Years passed in a devolved, depraved haze. Then I met my first zombies. I was hovering at the edge of the village I was living closest to, Silverdale, southwest of Stratholme, looking for junk and rubbish that I might use in the cave that I called home, when I saw a child…a girl child…shambling toward me. I moved to hide, and hid well, but she seemed to sense me without seeing…indeed her eyes seemed oddly vacant. I left rapidly. I did not want this child to find me and did not want to have to hurt her, seeing as how she looked sick or insane. I was digging up roots about a half a mile away from the dump when I heard a shuffling.
It was the little girl. And three others. And they all had that glassy look and lurched rather than walked. And I knew…I knew that they were undead, and part of the listlessness cleared in me. Undead were abominations and had to be destroyed, and even a worthless, useless coward such as myself had a responsibility to do so. I drew the rusted sword I had stolen from a crypt and struck them down…they were not very powerful, so it was not a challenge.

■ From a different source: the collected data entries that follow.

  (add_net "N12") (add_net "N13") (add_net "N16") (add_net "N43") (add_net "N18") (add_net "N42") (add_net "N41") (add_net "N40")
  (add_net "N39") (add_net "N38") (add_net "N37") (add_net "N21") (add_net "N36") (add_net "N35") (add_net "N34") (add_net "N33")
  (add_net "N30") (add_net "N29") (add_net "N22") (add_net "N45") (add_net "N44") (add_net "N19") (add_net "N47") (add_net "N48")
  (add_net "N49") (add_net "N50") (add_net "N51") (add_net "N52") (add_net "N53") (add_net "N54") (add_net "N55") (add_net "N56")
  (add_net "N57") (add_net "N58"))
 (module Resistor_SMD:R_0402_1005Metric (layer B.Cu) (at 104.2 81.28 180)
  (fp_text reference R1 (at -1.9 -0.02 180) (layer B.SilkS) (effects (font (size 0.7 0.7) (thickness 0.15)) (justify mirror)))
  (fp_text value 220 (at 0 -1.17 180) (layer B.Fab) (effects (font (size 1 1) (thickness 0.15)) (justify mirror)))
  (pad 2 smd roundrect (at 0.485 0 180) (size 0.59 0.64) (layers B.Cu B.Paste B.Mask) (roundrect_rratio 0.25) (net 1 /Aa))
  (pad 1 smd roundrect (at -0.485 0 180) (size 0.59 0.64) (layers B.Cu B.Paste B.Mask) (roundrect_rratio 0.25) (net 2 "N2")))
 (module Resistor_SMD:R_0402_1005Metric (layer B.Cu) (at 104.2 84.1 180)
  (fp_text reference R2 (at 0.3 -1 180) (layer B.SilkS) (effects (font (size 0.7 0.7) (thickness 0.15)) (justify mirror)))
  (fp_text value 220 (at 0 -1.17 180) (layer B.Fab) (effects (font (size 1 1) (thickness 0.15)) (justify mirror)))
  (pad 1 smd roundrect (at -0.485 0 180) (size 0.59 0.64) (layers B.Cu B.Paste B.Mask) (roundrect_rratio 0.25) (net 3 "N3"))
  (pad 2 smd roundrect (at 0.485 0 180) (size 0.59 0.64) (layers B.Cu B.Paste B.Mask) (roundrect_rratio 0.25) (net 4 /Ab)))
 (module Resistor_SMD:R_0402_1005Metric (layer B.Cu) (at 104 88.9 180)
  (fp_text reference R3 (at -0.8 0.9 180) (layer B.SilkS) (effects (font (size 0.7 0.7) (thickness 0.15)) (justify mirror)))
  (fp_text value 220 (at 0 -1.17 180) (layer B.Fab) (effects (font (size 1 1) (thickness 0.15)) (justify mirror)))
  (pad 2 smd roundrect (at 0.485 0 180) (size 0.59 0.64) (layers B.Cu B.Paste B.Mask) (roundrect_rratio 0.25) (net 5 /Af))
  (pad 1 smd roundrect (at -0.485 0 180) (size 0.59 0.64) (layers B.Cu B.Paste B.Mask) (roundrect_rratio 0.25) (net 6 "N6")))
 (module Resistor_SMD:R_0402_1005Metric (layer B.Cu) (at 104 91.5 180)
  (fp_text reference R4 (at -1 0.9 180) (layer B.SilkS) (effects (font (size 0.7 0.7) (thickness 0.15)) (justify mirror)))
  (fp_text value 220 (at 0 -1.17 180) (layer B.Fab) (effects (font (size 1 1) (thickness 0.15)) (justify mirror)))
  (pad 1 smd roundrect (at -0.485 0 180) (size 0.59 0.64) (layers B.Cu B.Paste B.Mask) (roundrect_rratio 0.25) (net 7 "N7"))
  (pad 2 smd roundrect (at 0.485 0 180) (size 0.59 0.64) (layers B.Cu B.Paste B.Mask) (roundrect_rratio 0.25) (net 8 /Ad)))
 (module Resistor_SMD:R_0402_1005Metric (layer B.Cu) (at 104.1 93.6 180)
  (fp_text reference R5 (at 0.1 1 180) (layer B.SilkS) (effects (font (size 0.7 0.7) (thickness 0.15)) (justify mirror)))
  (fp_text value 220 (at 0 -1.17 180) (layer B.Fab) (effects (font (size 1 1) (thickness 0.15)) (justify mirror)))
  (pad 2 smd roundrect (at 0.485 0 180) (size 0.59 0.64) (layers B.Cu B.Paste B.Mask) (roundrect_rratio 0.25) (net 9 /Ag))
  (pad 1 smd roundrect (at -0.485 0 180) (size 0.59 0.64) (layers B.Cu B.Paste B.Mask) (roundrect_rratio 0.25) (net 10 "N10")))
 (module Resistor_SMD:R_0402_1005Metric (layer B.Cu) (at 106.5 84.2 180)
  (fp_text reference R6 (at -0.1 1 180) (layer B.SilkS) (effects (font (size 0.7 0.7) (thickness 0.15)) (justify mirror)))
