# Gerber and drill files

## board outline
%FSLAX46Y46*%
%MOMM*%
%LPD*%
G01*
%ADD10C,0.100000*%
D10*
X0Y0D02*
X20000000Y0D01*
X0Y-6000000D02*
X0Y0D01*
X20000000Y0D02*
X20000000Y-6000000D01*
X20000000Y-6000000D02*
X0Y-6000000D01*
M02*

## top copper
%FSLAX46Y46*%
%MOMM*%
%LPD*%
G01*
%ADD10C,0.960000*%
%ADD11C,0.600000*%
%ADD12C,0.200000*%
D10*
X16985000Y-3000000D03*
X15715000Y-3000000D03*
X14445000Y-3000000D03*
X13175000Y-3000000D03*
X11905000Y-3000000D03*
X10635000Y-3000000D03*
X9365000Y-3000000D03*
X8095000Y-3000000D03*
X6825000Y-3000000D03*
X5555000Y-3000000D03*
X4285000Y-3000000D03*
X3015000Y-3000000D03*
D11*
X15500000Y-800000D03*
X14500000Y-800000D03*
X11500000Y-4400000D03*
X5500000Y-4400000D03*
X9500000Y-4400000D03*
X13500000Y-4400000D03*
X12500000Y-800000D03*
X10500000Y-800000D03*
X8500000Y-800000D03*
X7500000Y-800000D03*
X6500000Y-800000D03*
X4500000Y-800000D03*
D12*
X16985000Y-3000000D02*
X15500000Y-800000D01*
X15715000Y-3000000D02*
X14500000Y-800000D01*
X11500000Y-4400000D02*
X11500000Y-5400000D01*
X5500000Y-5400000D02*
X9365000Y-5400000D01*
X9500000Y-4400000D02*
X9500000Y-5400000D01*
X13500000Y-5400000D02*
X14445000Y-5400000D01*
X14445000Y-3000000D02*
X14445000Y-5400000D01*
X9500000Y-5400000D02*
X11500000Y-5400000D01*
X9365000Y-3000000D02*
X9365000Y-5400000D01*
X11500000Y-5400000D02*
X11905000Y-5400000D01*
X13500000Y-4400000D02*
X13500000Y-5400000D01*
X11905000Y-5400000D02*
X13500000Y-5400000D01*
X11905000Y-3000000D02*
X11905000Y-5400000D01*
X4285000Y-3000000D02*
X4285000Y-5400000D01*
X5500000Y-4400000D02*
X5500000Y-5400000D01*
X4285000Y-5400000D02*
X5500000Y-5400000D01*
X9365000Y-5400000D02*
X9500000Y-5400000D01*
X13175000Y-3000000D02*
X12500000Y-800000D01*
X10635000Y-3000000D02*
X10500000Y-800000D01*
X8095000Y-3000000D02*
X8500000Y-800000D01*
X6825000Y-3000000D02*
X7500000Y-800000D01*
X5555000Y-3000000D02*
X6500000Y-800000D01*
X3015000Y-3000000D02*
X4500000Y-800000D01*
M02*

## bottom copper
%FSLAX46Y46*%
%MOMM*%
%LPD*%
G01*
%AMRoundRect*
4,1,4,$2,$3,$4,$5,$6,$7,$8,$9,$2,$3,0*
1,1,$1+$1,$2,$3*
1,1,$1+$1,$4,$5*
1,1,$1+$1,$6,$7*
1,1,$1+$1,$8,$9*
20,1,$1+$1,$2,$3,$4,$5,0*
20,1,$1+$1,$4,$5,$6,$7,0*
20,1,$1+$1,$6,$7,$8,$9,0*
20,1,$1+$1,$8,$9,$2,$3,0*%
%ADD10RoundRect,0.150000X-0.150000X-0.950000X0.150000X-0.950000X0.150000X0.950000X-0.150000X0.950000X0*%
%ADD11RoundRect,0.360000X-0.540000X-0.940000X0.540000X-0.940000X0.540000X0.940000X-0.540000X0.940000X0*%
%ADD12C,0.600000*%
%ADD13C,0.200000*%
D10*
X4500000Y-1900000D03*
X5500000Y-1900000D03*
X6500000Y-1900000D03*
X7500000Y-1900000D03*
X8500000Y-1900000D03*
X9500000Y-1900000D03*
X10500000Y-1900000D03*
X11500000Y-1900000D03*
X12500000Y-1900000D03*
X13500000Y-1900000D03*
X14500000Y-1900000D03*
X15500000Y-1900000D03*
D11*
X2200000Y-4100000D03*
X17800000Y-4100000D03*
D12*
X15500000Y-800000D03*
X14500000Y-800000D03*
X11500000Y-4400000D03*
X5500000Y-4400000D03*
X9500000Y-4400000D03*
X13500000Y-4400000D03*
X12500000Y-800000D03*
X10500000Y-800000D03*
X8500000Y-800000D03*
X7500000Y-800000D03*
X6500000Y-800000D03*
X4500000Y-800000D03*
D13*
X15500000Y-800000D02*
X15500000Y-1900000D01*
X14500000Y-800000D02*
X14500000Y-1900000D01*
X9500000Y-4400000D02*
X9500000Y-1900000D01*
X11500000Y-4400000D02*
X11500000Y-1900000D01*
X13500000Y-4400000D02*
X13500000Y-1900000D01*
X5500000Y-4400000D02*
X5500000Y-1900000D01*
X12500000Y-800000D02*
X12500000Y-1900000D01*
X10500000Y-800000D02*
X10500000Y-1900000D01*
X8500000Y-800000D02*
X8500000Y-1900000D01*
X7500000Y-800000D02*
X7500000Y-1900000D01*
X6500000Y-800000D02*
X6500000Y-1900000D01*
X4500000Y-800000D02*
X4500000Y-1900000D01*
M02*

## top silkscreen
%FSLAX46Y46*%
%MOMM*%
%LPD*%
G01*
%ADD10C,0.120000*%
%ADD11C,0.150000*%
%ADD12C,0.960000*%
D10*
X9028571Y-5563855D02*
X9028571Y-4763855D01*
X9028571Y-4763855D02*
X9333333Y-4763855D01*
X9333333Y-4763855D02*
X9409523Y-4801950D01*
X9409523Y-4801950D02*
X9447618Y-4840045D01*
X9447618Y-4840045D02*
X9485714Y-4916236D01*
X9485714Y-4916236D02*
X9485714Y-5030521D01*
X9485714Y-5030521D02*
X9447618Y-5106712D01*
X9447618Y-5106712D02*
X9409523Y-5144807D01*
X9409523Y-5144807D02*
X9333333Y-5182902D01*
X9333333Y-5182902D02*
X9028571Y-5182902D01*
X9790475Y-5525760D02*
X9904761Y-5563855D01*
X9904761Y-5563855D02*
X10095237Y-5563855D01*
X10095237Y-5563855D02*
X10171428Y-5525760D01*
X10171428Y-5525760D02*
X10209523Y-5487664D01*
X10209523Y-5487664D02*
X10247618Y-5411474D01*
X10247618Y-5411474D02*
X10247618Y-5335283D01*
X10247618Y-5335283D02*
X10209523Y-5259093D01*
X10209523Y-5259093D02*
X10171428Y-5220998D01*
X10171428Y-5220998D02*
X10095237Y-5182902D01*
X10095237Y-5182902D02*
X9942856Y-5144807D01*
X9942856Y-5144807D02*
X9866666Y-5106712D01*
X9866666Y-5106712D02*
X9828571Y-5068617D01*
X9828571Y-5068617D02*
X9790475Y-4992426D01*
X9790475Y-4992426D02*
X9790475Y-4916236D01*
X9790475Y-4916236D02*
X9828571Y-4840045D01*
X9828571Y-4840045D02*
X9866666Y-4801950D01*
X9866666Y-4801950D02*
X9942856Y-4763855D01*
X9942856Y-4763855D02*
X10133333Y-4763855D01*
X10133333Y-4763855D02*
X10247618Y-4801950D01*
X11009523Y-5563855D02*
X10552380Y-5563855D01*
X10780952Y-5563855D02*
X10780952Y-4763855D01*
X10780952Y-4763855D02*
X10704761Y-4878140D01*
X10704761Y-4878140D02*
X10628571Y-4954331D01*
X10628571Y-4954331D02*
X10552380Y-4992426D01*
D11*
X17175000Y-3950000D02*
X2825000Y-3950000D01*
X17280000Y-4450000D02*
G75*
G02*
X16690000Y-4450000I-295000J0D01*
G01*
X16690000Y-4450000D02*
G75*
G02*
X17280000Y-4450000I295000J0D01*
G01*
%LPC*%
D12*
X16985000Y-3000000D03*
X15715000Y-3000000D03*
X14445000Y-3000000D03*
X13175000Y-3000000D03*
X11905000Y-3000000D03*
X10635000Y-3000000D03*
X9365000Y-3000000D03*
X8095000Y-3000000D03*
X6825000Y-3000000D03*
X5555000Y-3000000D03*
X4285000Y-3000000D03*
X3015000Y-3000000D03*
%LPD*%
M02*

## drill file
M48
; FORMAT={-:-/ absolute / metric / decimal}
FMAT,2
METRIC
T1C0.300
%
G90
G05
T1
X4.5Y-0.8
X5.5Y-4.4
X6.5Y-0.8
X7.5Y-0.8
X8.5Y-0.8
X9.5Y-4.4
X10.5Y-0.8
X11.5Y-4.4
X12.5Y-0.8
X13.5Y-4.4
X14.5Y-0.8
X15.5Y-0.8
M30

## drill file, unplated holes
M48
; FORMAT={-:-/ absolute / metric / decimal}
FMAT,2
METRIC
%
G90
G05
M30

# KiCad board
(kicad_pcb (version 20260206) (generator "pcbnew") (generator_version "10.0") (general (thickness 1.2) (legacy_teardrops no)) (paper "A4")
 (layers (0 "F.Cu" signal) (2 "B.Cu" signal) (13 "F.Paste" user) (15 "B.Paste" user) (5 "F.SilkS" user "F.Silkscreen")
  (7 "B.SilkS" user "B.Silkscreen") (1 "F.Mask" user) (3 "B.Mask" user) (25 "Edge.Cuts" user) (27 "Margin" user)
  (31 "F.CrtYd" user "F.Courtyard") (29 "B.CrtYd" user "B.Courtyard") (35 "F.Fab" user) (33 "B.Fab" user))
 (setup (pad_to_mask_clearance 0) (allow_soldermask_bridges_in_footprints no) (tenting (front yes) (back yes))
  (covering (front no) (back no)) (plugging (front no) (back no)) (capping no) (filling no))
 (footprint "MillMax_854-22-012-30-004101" (layer "F.Cu") (at 10 3 180)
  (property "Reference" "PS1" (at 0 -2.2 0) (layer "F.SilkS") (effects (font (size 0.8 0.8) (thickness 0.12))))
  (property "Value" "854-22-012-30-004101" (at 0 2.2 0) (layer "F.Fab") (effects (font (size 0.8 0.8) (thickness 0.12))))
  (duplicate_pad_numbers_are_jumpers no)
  (fp_line (start -7.175 -0.95) (end 7.175 -0.95) (stroke (width 0.15) (type solid)) (layer "F.SilkS"))
  (fp_circle (center -6.985 -1.45) (end -6.69 -1.45) (stroke (width 0.15) (type solid)) (fill no) (layer "F.SilkS"))
  (pad "1" smd circle (at -6.985 0) (size 0.96 0.96) (layers "F.Cu" "F.Mask" "F.Paste") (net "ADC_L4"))
  (pad "2" smd circle (at -5.715 0) (size 0.96 0.96) (layers "F.Cu" "F.Mask" "F.Paste") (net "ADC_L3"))
  (pad "3" smd circle (at -4.445 0) (size 0.96 0.96) (layers "F.Cu" "F.Mask" "F.Paste") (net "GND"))
  (pad "4" smd circle (at -3.175 0) (size 0.96 0.96) (layers "F.Cu" "F.Mask" "F.Paste") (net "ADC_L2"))
  (pad "5" smd circle (at -1.905 0) (size 0.96 0.96) (layers "F.Cu" "F.Mask" "F.Paste") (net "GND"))
  (pad "6" smd circle (at -0.635 0) (size 0.96 0.96) (layers "F.Cu" "F.Mask" "F.Paste") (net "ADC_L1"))
  (pad "7" smd circle (at 0.635 0) (size 0.96 0.96) (layers "F.Cu" "F.Mask" "F.Paste") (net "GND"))
  (pad "8" smd circle (at 1.905 0) (size 0.96 0.96) (layers "F.Cu" "F.Mask" "F.Paste") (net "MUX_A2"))
  (pad "9" smd circle (at 3.175 0) (size 0.96 0.96) (layers "F.Cu" "F.Mask" "F.Paste") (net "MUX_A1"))
  (pad "10" smd circle (at 4.445 0) (size 0.96 0.96) (layers "F.Cu" "F.Mask" "F.Paste") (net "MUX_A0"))
  (pad "11" smd circle (at 5.715 0) (size 0.96 0.96) (layers "F.Cu" "F.Mask" "F.Paste") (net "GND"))
  (pad "12" smd circle (at 6.985 0) (size 0.96 0.96) (layers "F.Cu" "F.Mask" "F.Paste") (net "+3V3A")))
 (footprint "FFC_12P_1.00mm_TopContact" (layer "B.Cu") (at 10 3)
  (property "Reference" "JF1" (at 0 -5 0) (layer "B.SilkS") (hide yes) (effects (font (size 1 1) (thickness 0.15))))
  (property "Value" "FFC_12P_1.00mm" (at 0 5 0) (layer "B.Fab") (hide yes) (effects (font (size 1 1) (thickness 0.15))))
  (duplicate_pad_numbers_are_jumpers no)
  (pad "1" smd roundrect (at -5.5 -1.1) (size 0.6 2.2) (layers "B.Cu" "B.Mask" "B.Paste") (roundrect_rratio 0.25) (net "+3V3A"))
  (pad "2" smd roundrect (at -4.5 -1.1) (size 0.6 2.2) (layers "B.Cu" "B.Mask" "B.Paste") (roundrect_rratio 0.25) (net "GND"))
  (pad "3" smd roundrect (at -3.5 -1.1) (size 0.6 2.2) (layers "B.Cu" "B.Mask" "B.Paste") (roundrect_rratio 0.25) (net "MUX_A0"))
  (pad "4" smd roundrect (at -2.5 -1.1) (size 0.6 2.2) (layers "B.Cu" "B.Mask" "B.Paste") (roundrect_rratio 0.25) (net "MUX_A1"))
  (pad "5" smd roundrect (at -1.5 -1.1) (size 0.6 2.2) (layers "B.Cu" "B.Mask" "B.Paste") (roundrect_rratio 0.25) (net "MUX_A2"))
  (pad "6" smd roundrect (at -0.5 -1.1) (size 0.6 2.2) (layers "B.Cu" "B.Mask" "B.Paste") (roundrect_rratio 0.25) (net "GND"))
  (pad "7" smd roundrect (at 0.5 -1.1) (size 0.6 2.2) (layers "B.Cu" "B.Mask" "B.Paste") (roundrect_rratio 0.25) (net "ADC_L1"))
  (pad "8" smd roundrect (at 1.5 -1.1) (size 0.6 2.2) (layers "B.Cu" "B.Mask" "B.Paste") (roundrect_rratio 0.25) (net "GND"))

I then, as awake as I had been in ten years, set to trying to find out *why* there were undead roaming. I resolved to go into Silverdale and tell the local burgher of this troubling news.
Silverdale was quiet as I entered. Quiet and still, and it felt very wrong. I saw bodies of rats and cats dotted about the streets. And dogs. And then horses. One was still weakly struggling, so I went to see if I might put it out of its misery. I bent over the horse’s head, and its eyes rolled back in its head. It stopped moving. I sighed. Some sickness was in this town, I thought, I must surely leave.
Then the horse’s eyes rolled back, no longer dark and glistening but milky, with a glowing cinder deep inside. It lurched as if to get up, snapping at me. I stabbed it repeatedly with my sword until it stopped moving. Panting, I looked up and around, nearing panic. Then I went past near, through panic and into sheer terror. I was surrounded by the walking dead! Villagers once, monsters now, shuffled toward me, moaning and keening.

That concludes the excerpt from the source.